I think the occupation was a debacle. We didn't kill many civilians - Iraqis were killing Iraqis with car bombs and militias, etc. By international law, we were responsible, as occupies, for every one of them. Only a liar would grossly inflate the figures. As if for political gain, or some sense of holier than thou bullshit. If a guy wit a machine gun is shooting at a crowd of people, you shoot the guy ASAP. Why? To save many more lives than the one life you take. We killed maybe 20,000 over there and saved millions.
kill everyone who owns a fast food restaurant, think of the millions of lives we would save fuck it, kill everyone who makes guns for a living, world peace
I don't think we or any corporation doing business with the govt. should be exporting weapons. Period.

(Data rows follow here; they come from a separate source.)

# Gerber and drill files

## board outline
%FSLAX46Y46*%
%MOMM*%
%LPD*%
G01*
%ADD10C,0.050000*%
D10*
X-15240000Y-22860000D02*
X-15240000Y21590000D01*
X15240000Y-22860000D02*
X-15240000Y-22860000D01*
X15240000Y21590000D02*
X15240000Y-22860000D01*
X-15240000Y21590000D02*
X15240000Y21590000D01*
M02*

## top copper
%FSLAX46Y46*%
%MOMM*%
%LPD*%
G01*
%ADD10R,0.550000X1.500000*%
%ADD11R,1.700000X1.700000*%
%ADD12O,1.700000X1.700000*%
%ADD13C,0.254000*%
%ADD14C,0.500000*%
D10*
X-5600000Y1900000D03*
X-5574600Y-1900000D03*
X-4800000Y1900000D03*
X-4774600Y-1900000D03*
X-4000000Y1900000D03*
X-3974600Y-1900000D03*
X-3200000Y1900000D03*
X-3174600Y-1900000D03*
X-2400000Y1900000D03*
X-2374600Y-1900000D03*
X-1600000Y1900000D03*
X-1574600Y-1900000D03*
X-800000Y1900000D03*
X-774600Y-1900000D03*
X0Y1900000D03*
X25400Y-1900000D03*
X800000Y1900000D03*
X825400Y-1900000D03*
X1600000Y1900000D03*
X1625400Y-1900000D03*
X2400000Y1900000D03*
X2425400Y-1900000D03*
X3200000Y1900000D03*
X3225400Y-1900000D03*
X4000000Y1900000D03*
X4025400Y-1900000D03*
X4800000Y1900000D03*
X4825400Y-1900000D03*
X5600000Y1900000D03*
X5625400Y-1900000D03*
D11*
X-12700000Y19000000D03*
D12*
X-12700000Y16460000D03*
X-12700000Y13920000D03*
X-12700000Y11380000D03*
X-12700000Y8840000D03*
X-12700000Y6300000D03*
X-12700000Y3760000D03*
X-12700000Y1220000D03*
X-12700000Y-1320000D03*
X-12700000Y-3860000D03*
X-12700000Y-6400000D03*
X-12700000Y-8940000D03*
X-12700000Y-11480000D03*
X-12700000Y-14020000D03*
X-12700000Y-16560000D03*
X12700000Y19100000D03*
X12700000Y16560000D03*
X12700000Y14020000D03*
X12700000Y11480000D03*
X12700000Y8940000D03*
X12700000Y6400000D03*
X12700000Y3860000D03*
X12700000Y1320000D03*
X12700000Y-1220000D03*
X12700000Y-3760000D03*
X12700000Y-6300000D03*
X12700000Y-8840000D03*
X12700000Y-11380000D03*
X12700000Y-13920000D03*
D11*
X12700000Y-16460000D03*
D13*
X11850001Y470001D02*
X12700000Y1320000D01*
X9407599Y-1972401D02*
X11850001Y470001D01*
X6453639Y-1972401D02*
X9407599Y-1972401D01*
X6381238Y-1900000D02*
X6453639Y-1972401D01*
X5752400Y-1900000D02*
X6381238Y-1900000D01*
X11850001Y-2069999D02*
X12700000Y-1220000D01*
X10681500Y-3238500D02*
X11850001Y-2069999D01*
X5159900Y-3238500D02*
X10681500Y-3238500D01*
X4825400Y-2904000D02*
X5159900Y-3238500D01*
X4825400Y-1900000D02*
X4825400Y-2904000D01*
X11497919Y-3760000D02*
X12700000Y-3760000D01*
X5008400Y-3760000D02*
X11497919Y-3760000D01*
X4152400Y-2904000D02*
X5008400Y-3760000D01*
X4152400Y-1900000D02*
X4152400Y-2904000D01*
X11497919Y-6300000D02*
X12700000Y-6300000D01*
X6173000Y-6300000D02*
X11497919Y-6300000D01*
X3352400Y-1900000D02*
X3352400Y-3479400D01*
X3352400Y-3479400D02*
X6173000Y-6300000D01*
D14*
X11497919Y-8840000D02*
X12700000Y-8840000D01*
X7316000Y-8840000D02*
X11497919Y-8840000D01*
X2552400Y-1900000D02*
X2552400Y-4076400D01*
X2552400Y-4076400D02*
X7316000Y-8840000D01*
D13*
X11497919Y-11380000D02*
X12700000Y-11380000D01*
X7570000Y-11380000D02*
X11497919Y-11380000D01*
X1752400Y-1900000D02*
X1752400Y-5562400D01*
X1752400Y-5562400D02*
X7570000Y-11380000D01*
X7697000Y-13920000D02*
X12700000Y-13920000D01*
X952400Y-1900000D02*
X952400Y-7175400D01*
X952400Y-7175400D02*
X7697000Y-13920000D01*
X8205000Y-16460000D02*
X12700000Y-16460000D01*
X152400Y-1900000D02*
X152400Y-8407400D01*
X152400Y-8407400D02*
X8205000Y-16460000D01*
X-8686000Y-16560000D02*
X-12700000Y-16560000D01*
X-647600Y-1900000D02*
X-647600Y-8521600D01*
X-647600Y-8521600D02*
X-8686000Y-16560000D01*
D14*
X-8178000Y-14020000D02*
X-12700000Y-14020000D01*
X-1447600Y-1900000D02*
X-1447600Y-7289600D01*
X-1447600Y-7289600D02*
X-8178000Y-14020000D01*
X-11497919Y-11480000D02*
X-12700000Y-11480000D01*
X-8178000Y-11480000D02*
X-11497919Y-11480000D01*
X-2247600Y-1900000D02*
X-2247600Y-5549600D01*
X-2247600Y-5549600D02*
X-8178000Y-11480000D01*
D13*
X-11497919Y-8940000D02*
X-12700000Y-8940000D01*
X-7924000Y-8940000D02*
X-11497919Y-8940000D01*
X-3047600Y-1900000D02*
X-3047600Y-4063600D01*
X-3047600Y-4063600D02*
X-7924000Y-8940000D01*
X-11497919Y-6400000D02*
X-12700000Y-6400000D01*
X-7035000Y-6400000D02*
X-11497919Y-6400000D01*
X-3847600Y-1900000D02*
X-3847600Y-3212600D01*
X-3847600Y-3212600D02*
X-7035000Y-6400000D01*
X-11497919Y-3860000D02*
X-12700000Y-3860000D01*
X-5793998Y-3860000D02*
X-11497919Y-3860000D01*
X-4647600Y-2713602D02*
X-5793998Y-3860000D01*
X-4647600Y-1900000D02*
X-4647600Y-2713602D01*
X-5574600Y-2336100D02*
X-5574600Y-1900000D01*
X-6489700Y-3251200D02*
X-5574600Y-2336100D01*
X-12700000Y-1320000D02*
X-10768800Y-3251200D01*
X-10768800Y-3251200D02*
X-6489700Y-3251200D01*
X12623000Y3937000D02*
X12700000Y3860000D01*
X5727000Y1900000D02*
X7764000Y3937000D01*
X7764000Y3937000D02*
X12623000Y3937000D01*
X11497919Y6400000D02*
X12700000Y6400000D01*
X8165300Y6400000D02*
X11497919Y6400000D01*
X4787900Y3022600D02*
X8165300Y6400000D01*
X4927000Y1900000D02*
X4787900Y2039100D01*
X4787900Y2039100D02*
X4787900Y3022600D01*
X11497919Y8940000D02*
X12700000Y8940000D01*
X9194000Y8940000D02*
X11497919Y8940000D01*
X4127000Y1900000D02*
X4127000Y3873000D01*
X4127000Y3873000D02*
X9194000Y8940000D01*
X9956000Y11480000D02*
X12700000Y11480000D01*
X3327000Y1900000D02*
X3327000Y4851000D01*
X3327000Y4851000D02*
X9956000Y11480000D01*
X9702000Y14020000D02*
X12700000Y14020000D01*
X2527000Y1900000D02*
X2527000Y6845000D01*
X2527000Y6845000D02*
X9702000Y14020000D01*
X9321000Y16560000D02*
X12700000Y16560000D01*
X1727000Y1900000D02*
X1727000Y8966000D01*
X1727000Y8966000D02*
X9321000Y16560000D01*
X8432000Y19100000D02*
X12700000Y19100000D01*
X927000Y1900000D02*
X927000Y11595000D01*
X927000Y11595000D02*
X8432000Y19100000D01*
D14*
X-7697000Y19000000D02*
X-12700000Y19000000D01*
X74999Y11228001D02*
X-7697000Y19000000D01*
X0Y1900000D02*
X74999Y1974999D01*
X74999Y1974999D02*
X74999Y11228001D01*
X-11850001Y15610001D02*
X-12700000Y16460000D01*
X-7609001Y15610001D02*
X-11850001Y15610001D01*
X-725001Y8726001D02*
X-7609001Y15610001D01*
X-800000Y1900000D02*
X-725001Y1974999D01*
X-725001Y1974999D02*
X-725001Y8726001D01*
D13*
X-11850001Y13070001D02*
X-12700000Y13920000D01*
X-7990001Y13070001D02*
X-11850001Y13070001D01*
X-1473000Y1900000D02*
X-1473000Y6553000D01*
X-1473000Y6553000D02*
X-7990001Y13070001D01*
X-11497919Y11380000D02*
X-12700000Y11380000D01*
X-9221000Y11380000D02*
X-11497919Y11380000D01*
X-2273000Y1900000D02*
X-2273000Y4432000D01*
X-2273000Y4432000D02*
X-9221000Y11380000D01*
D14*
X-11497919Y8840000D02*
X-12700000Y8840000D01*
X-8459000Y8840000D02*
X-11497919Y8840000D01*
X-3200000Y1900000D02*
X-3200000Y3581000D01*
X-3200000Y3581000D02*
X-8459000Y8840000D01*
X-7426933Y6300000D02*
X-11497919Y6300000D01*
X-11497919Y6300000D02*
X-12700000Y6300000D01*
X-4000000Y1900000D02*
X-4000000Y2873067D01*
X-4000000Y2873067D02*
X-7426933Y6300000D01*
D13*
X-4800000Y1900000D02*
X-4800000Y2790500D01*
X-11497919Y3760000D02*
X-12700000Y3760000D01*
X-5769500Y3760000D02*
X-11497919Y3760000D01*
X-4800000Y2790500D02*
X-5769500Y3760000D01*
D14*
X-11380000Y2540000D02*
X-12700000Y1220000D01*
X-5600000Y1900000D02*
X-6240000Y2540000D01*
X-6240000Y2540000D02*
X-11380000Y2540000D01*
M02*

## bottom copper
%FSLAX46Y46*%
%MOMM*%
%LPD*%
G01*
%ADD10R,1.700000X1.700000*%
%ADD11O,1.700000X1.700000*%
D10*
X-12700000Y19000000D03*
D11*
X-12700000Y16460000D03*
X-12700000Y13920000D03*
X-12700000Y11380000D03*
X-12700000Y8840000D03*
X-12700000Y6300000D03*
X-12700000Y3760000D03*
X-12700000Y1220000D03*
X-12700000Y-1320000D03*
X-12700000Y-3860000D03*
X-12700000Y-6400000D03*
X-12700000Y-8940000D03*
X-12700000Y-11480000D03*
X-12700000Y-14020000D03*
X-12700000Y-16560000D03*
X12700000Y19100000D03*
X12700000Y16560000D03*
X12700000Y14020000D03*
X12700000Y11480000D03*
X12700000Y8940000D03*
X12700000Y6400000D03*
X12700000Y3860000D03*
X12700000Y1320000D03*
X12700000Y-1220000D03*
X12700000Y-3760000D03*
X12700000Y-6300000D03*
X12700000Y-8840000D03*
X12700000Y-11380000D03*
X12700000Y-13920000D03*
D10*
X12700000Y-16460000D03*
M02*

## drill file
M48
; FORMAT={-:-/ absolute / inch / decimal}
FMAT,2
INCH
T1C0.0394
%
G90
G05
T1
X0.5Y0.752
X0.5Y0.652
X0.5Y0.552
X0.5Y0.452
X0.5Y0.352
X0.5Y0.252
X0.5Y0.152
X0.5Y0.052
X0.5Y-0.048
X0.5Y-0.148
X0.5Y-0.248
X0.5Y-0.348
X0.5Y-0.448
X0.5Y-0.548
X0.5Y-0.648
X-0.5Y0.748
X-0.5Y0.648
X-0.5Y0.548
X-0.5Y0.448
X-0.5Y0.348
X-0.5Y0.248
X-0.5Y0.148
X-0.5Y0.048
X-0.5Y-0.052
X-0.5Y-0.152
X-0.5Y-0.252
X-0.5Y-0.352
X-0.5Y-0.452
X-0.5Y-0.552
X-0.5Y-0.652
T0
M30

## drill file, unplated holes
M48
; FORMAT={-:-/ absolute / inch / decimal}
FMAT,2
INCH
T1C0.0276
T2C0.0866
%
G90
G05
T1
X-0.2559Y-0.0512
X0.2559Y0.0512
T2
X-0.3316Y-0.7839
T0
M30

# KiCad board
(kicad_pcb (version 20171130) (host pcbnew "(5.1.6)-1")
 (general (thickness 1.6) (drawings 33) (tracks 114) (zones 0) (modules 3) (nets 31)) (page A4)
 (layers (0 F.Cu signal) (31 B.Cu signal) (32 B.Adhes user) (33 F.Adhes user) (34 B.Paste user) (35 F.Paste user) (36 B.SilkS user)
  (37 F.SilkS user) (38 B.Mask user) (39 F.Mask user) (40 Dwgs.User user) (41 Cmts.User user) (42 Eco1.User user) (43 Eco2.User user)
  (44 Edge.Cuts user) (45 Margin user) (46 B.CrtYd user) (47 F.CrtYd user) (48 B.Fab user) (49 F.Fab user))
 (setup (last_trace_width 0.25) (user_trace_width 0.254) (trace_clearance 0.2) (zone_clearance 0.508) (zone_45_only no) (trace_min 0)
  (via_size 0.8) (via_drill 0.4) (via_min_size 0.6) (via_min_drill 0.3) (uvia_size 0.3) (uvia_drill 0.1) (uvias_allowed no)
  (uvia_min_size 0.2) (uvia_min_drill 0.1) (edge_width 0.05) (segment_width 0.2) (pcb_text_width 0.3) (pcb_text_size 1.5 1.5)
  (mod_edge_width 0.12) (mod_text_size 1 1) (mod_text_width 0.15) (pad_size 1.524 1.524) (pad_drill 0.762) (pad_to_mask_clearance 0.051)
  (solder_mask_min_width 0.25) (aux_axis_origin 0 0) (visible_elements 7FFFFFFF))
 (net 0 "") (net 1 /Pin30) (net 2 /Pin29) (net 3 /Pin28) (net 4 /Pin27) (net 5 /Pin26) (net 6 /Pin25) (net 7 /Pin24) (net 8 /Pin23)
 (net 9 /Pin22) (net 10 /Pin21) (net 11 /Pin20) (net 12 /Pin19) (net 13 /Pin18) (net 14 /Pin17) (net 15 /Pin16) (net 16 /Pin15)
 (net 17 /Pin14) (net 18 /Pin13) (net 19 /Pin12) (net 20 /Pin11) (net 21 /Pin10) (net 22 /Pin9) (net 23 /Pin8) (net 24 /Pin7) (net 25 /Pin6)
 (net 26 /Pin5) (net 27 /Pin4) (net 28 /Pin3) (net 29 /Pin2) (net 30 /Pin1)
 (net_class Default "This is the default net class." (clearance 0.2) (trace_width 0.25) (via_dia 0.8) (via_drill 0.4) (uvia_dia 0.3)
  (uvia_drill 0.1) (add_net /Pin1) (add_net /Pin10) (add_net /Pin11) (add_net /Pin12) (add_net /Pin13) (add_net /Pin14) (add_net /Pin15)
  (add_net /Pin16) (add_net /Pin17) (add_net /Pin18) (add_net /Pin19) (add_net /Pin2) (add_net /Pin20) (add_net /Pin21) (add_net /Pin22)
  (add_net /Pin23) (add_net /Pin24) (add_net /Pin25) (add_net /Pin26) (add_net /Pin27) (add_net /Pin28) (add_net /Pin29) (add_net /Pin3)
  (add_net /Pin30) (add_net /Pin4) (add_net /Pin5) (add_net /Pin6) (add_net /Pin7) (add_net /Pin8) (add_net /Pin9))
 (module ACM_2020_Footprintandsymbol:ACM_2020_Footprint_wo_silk (layer F.Cu) (at 0 0)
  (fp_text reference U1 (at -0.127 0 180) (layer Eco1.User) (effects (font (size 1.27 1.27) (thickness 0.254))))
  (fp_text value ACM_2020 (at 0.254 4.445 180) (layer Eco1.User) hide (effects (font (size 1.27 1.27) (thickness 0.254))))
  (pad 30 smd rect (at -5.6 -1.9) (size 0.55 1.5) (layers F.Cu F.Paste F.Mask) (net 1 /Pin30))
  (pad 29 smd rect (at -5.5746 1.9) (size 0.55 1.5) (layers F.Cu F.Paste F.Mask) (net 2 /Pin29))
  (pad 28 smd rect (at -4.8 -1.9) (size 0.55 1.5) (layers F.Cu F.Paste F.Mask) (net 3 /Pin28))
  (pad 27 smd rect (at -4.7746 1.9) (size 0.55 1.5) (layers F.Cu F.Paste F.Mask) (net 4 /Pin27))
  (pad 26 smd rect (at -4 -1.9) (size 0.55 1.5) (layers F.Cu F.Paste F.Mask) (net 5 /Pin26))
  (pad 25 smd rect (at -3.9746 1.9) (size 0.55 1.5) (layers F.Cu F.Paste F.Mask) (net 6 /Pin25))
  (pad 24 smd rect (at -3.2 -1.9) (size 0.55 1.5) (layers F.Cu F.Paste F.Mask) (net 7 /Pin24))
  (pad 23 smd rect (at -3.1746 1.9) (size 0.55 1.5) (layers F.Cu F.Paste F.Mask) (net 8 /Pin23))
  (pad 22 smd rect (at -2.4 -1.9) (size 0.55 1.5) (layers F.Cu F.Paste F.Mask) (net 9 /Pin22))
  (pad 21 smd rect (at -2.3746 1.9) (size 0.55 1.5) (layers F.Cu F.Paste F.Mask) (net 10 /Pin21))
  (pad 20 smd rect (at -1.6 -1.9) (size 0.55 1.5) (layers F.Cu F.Paste F.Mask) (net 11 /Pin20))
  (pad 19 smd rect (at -1.5746 1.9) (size 0.55 1.5) (layers F.Cu F.Paste F.Mask) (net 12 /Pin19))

What if the guy with the machine gun is defending his family from a religiously inflamed lynch mob? fixed.
http://www.bing.com/search?q="1,446,063" iraq&qs=n&form=QBRE&pq="1,446,063" iraq&sc=0-11&sp=-1&sk= The ORB survey estimated up to 1,446,063 deaths. The 1.5M number plus subsequent years plus the .5M in the Clinton years equals 2 million, ergo the word "millions." I have shown you this about 3 other times in the last 2 years, yet each time you bat your eyelashes innocently as if it's the first time you've heard it. The ORB study has of course taken criticism from its government-backed proxy competitors, with whom you side. Naturally, you disagree with all expert studies except the ones with the lowest numbers. Instead of criticizing the experts, why don't you criticize the military for covering up its own body count, which causes all this disagreement?